< Platypus Comix
Platypus Comix/Funny
Miscellaneous Comics
- One of Spidey's attempts in "True Believers" to prevent Joe Quesadilla from taking MJ away involves sticking her to a web. It doesn't work.
- Also from "True Believers", Quesadilla's idea on how to compensate for Spidey quitting Marvel.
- The life-size Britney Spears doll from the untitled Guava Guava Kristmas Klassic ("Change its diaper every hour, or else it dies!") seems pretty funny, unless you consider it a Funny Aneurysm Moment.
- "Awesome Blossom"'s surprisingly accurate depiction of life in the year 2000 includes Blossom encountering a foul-mouthed Weeble.
- Also, the parts where "Awesome Blossom" resorts to recycling Star Wars clips a la Muppet Babies.
- One of the Kimwon features that Vess MacMeal's husband discovers in "Vess MacMeal Starring in: The More You Know!" involves acting as a steering wheel. An ad appearing over the wheel causes him to crash into a tree, but fortunately, the Kimwon can call 911... the ambulance driver crashes into a pole while using a Kimwon to drive to the accident site, but at least that Kimwon can also call 911!
- From the last page of "Vess MacMeal...", Kim Jong Il revealing, "The Kimwon is made of people!" and the way Vess, her husband, and Junior respond.
Articles
- As part of his Will and Dewitt review (part of an overall review of Kids WB's final day, Peter Paltridge reviews the "Small Potatoes" episode...except he describes the plot of RoboCop with Will in Alex Murphy's place instead of the actual episode.
- Paltridge's textual comments on some of the commercials that played during The Star Wars Holiday Special.

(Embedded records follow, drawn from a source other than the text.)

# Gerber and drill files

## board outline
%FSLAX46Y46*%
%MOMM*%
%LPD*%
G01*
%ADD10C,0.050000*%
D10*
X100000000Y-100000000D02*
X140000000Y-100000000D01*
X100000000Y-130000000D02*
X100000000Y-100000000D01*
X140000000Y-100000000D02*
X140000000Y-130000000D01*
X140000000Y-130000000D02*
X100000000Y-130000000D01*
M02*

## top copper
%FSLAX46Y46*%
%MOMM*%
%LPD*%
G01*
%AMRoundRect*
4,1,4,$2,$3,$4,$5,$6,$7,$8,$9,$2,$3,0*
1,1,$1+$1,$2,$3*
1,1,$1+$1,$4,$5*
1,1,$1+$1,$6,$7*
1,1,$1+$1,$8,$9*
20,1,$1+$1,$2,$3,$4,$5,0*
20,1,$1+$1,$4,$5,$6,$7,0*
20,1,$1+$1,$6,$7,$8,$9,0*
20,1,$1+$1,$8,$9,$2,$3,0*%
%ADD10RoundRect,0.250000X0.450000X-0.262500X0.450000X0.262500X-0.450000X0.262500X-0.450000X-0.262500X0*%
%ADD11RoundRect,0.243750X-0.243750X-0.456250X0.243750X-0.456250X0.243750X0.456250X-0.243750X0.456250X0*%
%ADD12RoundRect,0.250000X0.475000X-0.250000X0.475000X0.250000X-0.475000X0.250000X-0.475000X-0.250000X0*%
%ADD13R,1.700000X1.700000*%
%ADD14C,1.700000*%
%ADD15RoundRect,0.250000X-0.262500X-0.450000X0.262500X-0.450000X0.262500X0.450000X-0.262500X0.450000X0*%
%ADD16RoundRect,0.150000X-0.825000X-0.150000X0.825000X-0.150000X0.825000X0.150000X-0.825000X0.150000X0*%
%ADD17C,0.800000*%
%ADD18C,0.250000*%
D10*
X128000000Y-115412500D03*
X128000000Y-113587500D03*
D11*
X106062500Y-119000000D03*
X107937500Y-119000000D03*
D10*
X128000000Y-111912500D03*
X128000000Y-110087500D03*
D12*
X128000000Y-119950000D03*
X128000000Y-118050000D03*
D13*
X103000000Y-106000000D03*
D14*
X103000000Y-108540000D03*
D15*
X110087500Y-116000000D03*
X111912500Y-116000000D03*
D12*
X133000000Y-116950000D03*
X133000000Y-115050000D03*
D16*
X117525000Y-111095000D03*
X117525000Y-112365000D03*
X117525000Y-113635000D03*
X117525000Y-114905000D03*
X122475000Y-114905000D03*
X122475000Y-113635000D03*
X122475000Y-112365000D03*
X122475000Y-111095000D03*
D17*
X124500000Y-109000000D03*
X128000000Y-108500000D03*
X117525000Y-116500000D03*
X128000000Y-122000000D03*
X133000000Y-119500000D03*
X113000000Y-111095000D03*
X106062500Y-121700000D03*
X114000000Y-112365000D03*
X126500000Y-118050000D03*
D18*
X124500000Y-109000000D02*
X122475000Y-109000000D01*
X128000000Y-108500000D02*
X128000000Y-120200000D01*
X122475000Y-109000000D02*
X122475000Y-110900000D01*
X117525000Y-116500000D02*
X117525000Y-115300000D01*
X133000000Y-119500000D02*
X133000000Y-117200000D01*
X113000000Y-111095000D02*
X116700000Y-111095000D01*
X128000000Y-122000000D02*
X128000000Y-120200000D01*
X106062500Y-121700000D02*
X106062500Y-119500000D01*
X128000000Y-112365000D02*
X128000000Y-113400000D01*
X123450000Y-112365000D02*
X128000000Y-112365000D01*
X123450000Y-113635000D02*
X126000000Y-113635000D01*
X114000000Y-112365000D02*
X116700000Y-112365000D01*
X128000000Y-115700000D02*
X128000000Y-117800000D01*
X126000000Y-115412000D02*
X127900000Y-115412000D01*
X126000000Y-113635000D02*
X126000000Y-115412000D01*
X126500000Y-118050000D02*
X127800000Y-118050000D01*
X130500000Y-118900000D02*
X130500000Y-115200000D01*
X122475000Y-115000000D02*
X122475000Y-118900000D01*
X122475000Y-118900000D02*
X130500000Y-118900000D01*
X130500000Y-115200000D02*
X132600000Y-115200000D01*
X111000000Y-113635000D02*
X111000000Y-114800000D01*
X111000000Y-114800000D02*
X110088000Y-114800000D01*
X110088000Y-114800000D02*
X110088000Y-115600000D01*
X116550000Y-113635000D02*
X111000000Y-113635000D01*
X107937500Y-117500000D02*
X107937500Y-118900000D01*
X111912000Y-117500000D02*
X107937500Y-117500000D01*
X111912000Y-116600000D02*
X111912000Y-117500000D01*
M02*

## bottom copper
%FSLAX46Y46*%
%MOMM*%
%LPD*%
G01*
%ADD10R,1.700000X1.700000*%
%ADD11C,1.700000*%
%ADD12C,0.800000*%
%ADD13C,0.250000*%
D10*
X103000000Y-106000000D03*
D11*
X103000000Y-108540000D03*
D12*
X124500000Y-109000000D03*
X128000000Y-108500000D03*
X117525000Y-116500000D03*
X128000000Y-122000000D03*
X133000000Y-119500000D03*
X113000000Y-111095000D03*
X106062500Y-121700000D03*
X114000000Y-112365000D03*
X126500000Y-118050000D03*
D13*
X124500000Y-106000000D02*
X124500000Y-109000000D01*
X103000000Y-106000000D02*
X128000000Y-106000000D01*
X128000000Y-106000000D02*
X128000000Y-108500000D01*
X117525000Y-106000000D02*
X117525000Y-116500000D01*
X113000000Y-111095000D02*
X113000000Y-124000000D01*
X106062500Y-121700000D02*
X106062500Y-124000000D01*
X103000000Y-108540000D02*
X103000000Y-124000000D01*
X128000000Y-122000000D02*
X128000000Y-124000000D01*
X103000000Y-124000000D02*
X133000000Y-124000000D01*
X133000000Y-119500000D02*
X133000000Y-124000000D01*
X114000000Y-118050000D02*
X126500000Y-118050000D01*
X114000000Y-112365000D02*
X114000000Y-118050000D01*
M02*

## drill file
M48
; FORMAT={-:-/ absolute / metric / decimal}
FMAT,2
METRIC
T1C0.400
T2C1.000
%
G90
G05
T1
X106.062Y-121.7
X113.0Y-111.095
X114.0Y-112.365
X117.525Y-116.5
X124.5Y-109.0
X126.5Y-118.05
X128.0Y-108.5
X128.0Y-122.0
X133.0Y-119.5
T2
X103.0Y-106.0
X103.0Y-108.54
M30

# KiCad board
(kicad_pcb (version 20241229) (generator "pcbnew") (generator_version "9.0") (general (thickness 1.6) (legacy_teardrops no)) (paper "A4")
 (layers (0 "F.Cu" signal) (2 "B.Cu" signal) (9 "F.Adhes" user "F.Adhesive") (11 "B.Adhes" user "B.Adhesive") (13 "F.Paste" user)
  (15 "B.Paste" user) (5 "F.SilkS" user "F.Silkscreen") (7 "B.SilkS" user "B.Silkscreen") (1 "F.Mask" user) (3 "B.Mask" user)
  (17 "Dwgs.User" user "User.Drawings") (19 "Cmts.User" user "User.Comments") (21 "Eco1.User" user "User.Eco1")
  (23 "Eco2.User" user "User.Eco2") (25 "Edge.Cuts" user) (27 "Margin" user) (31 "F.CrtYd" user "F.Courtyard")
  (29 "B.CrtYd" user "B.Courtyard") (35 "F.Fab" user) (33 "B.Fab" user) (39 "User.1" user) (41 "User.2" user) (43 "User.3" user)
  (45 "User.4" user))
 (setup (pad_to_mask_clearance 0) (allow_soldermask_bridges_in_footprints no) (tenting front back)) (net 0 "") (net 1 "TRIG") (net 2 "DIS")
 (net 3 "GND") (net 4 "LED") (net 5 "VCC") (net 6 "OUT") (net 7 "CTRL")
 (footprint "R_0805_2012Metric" (layer "F.Cu") (at 128 114.5 90)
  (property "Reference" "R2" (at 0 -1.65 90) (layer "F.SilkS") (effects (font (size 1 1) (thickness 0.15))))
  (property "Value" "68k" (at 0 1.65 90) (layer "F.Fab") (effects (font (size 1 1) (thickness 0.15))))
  (pad "1" smd roundrect (at -0.9125 0 90) (size 1.025 1.4) (layers "F.Cu" "F.Mask" "F.Paste") (roundrect_rratio 0.243902) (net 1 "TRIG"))
  (pad "2" smd roundrect (at 0.9125 0 90) (size 1.025 1.4) (layers "F.Cu" "F.Mask" "F.Paste") (roundrect_rratio 0.243902) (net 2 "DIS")))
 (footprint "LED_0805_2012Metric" (layer "F.Cu") (at 107 119)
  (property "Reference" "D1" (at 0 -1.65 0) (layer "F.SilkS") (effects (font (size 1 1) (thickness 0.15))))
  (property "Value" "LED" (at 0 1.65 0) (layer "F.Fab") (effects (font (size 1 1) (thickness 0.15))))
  (pad "1" smd roundrect (at -0.9375 0) (size 0.975 1.4) (layers "F.Cu" "F.Mask" "F.Paste") (roundrect_rratio 0.25) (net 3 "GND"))
  (pad "2" smd roundrect (at 0.9375 0) (size 0.975 1.4) (layers "F.Cu" "F.Mask" "F.Paste") (roundrect_rratio 0.25) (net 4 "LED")))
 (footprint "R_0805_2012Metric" (layer "F.Cu") (at 128 111 90)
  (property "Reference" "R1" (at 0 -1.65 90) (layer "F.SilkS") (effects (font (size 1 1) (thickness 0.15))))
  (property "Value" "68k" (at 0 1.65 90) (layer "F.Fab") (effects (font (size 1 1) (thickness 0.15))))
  (pad "1" smd roundrect (at -0.9125 0 90) (size 1.025 1.4) (layers "F.Cu" "F.Mask" "F.Paste") (roundrect_rratio 0.243902) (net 2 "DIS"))
  (pad "2" smd roundrect (at 0.9125 0 90) (size 1.025 1.4) (layers "F.Cu" "F.Mask" "F.Paste") (roundrect_rratio 0.243902) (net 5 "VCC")))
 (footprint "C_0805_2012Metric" (layer "F.Cu") (at 128 119 90)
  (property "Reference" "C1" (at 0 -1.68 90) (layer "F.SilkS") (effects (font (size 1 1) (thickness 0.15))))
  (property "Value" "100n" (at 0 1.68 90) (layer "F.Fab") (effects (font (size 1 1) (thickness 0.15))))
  (pad "1" smd roundrect (at -0.95 0 90) (size 1 1.45) (layers "F.Cu" "F.Mask" "F.Paste") (roundrect_rratio 0.25) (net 3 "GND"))
  (pad "2" smd roundrect (at 0.95 0 90) (size 1 1.45) (layers "F.Cu" "F.Mask" "F.Paste") (roundrect_rratio 0.25) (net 1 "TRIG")))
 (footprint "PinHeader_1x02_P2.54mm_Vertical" (layer "F.Cu") (at 103 106)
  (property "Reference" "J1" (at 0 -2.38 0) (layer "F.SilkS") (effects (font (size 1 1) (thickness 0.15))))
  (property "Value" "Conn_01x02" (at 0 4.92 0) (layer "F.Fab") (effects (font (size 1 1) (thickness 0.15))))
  (pad "1" thru_hole rect (at 0 0) (size 1.7 1.7) (drill 1) (layers "*.Cu" "*.Mask") (remove_unused_layers no) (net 5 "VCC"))
  (pad "2" thru_hole circle (at 0 2.54) (size 1.7 1.7) (drill 1) (layers "*.Cu" "*.Mask") (remove_unused_layers no) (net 3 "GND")))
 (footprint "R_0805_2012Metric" (layer "F.Cu") (at 111 116)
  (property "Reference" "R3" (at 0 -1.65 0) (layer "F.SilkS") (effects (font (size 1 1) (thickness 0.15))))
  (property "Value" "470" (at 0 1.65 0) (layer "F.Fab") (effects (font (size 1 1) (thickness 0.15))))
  (pad "1" smd roundrect (at -0.9125 0) (size 1.025 1.4) (layers "F.Cu" "F.Mask" "F.Paste") (roundrect_rratio 0.243902) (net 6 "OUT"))
  (pad "2" smd roundrect (at 0.9125 0) (size 1.025 1.4) (layers "F.Cu" "F.Mask" "F.Paste") (roundrect_rratio 0.243902) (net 4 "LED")))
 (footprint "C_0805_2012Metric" (layer "F.Cu") (at 133 116 90)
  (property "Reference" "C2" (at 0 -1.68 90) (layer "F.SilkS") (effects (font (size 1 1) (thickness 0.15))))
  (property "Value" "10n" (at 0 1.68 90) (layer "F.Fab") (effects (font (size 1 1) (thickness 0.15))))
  (pad "1" smd roundrect (at -0.95 0 90) (size 1 1.45) (layers "F.Cu" "F.Mask" "F.Paste") (roundrect_rratio 0.25) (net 3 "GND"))
  (pad "2" smd roundrect (at 0.95 0 90) (size 1 1.45) (layers "F.Cu" "F.Mask" "F.Paste") (roundrect_rratio 0.25) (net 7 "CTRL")))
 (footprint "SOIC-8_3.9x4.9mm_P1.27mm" (layer "F.Cu") (at 120 113)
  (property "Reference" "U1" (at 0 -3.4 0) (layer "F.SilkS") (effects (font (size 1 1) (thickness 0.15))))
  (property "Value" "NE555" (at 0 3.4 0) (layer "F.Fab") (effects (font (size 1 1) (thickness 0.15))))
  (pad "1" smd roundrect (at -2.475 -1.905) (size 1.95 0.6) (layers "F.Cu" "F.Mask" "F.Paste") (roundrect_rratio 0.25) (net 3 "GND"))
  (pad "2" smd roundrect (at -2.475 -0.635) (size 1.95 0.6) (layers "F.Cu" "F.Mask" "F.Paste") (roundrect_rratio 0.25) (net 1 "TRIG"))
  (pad "3" smd roundrect (at -2.475 0.635) (size 1.95 0.6) (layers "F.Cu" "F.Mask" "F.Paste") (roundrect_rratio 0.25) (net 6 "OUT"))
  (pad "4" smd roundrect (at -2.475 1.905) (size 1.95 0.6) (layers "F.Cu" "F.Mask" "F.Paste") (roundrect_rratio 0.25) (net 5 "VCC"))
  (pad "5" smd roundrect (at 2.475 1.905) (size 1.95 0.6) (layers "F.Cu" "F.Mask" "F.Paste") (roundrect_rratio 0.25) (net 7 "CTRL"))
  (pad "6" smd roundrect (at 2.475 0.635) (size 1.95 0.6) (layers "F.Cu" "F.Mask" "F.Paste") (roundrect_rratio 0.25) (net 1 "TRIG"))
  (pad "7" smd roundrect (at 2.475 -0.635) (size 1.95 0.6) (layers "F.Cu" "F.Mask" "F.Paste") (roundrect_rratio 0.25) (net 2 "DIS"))
  (pad "8" smd roundrect (at 2.475 -1.905) (size 1.95 0.6) (layers "F.Cu" "F.Mask" "F.Paste") (roundrect_rratio 0.25) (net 5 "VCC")))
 (gr_line (start 100 100) (end 140 100) (stroke (width 0.05) (type default)) (layer "Edge.Cuts"))
 (gr_line (start 100 130) (end 100 100) (stroke (width 0.05) (type default)) (layer "Edge.Cuts"))
 (gr_line (start 140 100) (end 140 130) (stroke (width 0.05) (type default)) (layer "Edge.Cuts"))
 (gr_line (start 140 130) (end 100 130) (stroke (width 0.05) (type default)) (layer "Edge.Cuts"))
 (segment (start 124.5 109) (end 122.475 109) (width 0.25) (layer "F.Cu") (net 5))
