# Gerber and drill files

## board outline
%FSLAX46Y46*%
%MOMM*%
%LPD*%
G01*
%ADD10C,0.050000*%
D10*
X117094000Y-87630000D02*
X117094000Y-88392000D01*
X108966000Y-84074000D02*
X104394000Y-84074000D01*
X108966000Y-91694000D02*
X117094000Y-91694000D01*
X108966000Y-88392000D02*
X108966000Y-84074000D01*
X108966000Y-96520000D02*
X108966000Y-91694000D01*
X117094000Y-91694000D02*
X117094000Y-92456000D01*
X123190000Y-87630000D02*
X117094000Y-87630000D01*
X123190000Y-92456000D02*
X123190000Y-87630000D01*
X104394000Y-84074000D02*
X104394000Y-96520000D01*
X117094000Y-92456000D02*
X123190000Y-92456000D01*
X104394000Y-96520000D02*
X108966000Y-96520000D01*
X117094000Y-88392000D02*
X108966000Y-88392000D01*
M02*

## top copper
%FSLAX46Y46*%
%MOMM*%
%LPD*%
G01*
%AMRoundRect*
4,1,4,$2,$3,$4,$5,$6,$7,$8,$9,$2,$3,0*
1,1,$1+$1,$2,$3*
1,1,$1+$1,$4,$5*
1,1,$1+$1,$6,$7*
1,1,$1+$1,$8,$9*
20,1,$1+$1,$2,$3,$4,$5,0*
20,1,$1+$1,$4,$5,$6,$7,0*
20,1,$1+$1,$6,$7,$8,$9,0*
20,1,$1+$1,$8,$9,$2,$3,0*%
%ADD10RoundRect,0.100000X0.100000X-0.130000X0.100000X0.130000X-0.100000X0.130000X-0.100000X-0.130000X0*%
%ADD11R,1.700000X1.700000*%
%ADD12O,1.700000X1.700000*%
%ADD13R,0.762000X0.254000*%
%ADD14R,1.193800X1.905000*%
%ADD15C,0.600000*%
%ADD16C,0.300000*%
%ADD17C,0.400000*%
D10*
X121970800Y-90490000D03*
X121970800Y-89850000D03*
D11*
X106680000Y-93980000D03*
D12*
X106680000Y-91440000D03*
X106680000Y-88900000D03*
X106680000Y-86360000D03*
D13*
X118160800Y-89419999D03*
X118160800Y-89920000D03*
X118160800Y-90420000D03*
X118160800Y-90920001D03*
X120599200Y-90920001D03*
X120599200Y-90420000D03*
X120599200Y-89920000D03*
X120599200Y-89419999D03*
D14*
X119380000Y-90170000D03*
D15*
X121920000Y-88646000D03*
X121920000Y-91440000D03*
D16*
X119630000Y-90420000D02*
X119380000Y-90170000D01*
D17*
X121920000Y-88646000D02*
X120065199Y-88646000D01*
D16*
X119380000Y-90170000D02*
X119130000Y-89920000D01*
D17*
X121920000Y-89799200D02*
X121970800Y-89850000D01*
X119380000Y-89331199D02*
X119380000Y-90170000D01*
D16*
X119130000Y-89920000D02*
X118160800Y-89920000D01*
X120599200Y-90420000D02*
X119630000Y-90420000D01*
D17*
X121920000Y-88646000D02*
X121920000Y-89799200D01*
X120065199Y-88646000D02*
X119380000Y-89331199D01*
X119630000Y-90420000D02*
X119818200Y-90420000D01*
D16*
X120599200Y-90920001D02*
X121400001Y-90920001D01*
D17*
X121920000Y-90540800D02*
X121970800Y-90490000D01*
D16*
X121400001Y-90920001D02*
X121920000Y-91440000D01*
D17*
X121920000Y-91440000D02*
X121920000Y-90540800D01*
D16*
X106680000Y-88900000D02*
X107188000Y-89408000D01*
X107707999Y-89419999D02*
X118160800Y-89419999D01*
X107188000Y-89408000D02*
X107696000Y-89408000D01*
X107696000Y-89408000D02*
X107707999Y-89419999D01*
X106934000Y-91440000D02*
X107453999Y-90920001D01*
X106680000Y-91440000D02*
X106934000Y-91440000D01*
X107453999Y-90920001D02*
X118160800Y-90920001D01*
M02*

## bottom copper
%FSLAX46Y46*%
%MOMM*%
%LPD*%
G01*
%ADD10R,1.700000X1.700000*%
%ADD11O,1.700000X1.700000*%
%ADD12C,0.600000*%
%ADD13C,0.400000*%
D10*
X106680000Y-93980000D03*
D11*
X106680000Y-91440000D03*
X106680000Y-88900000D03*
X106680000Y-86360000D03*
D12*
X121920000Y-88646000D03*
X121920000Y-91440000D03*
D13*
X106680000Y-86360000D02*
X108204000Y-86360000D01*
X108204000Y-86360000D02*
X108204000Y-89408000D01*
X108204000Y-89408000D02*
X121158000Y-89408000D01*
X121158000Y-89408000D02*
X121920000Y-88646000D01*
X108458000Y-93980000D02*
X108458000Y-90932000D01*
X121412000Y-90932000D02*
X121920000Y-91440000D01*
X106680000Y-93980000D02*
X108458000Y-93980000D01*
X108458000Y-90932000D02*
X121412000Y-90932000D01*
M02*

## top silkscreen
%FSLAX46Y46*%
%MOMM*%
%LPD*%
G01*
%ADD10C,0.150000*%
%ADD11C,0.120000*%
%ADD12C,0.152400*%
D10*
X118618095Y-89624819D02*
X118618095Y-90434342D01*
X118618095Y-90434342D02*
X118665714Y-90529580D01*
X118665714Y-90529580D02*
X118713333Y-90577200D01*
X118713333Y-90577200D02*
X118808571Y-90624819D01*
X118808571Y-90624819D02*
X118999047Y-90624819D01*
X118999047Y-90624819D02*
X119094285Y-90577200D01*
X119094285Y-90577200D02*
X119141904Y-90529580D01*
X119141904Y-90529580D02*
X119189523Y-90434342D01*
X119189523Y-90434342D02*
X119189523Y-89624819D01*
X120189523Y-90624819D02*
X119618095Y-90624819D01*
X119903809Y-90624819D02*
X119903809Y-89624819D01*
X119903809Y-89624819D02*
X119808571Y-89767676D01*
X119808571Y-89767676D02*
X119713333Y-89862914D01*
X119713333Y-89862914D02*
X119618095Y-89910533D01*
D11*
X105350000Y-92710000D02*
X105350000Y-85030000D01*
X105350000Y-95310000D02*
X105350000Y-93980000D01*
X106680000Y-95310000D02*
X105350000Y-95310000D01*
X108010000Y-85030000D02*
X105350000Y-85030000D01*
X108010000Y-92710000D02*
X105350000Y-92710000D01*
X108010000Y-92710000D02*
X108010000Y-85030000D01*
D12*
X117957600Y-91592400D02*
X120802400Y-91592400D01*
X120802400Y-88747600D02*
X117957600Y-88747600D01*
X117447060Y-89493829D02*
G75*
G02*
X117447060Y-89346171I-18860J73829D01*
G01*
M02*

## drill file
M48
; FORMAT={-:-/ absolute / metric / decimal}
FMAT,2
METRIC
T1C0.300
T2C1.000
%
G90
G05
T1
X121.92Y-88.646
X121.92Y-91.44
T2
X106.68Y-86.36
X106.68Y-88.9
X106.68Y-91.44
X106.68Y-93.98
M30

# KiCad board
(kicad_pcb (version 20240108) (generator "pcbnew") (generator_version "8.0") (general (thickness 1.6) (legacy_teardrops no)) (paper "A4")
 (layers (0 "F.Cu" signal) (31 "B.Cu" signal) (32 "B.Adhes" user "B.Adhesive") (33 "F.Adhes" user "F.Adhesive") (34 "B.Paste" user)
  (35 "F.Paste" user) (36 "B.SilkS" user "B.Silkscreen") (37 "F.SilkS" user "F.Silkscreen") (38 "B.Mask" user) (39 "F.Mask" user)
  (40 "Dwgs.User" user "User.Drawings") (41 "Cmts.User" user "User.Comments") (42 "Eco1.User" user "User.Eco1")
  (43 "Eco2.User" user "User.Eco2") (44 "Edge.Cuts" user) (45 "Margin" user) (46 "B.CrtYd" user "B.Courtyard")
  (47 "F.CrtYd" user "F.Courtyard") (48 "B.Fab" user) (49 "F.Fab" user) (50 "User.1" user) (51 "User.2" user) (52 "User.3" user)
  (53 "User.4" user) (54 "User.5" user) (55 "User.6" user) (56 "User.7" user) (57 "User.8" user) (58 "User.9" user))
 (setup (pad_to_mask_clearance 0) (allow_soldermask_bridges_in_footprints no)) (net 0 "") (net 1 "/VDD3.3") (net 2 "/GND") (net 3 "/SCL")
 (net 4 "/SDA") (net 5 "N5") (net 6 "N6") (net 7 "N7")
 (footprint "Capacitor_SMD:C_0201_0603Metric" (layer "F.Cu") (at 121.9708 90.17 90)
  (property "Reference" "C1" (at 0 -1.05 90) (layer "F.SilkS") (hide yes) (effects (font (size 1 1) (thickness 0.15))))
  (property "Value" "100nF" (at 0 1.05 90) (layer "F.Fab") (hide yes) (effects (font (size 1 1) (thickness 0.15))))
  (pad "" smd roundrect (at -0.345 0 90) (size 0.318 0.36) (layers "F.Paste") (roundrect_rratio 0.25))
  (pad "" smd roundrect (at 0.345 0 90) (size 0.318 0.36) (layers "F.Paste") (roundrect_rratio 0.25))
  (pad "1" smd roundrect (at -0.32 0 90) (size 0.46 0.4) (layers "F.Cu" "F.Mask") (roundrect_rratio 0.25) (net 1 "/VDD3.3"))
  (pad "2" smd roundrect (at 0.32 0 90) (size 0.46 0.4) (layers "F.Cu" "F.Mask") (roundrect_rratio 0.25) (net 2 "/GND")))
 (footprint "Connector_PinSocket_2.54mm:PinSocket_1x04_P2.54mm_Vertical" (layer "F.Cu") (at 106.68 93.98 180)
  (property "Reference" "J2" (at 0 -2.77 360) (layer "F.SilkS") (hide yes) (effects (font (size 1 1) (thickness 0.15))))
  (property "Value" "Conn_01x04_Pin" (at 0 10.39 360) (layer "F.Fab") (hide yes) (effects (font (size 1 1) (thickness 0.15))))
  (fp_line (start 1.33 1.27) (end 1.33 8.95) (stroke (width 0.12) (type solid)) (layer "F.SilkS"))
  (fp_line (start 1.33 -1.33) (end 1.33 0) (stroke (width 0.12) (type solid)) (layer "F.SilkS"))
  (fp_line (start 0 -1.33) (end 1.33 -1.33) (stroke (width 0.12) (type solid)) (layer "F.SilkS"))
  (fp_line (start -1.33 8.95) (end 1.33 8.95) (stroke (width 0.12) (type solid)) (layer "F.SilkS"))
  (fp_line (start -1.33 1.27) (end 1.33 1.27) (stroke (width 0.12) (type solid)) (layer "F.SilkS"))
  (fp_line (start -1.33 1.27) (end -1.33 8.95) (stroke (width 0.12) (type solid)) (layer "F.SilkS"))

(after a commercial for Sheer Indulgence pantyhose) I would say they should have thought of the multitudes of children watching that night, but the part with the Wookiee watching the erotic video had already aired, and that was WAY more traumatizing.
- When Paltridge reaches Amy and the Angel in his gallery of ABC Afterschool Special advertisements, he admits that he recalls seeing another movie with the exact same plot, except that Kermit the Frog played the lead character. (He reviewed that movie a few years earlier.)
- Paltridge begins "Eulogy for Alf" by saying he originally planned to write a tribute to the then-recently deceased Ed McMahon, but considered changing it to a Farrah Fawcett tribute after she died, but ultimately, he knew he had to write something about ALF's death. After going through a lengthy and fabricated account of Alf's rise and fall, Paltridge announces he suddenly heard that one more celebrity passed away: Billy Mays, who he then calls the biggest loss of them all.
- Paltridge's review of Rudolph and Frosty's Christmas in July includes a demonstration of how you could apply the Narmy quote, "I'm twying! I'm twying weeal hawwrd!" to anything that doesn't go as well as you'd hope.
- The comments Paltridge makes in his Return of Jafar review about the ocassionally ghastly animation.
[Jasmine]'s fully in the right to distort her face to Spumco proportions...
- When Marie Osmond shows up in the Walt Disney TV special reviewed in "Walt Disney: One Man's Nightmare", Paltridge decides to share a theory about the fact she lacks visible signs of aging:
Either she entered that pact with the woman from Death Becomes Her and swallowed her potion, or she's a robot. Which one is more plausible? Well, that woman doesn't exist, so....the robot, of course.
- The stories Paltridge makes up in "Seven Failed Brand Crossovers" about the origins and failures of Cosmopolitan Yogurt and Clairol Touch of Yogurt Shampoo.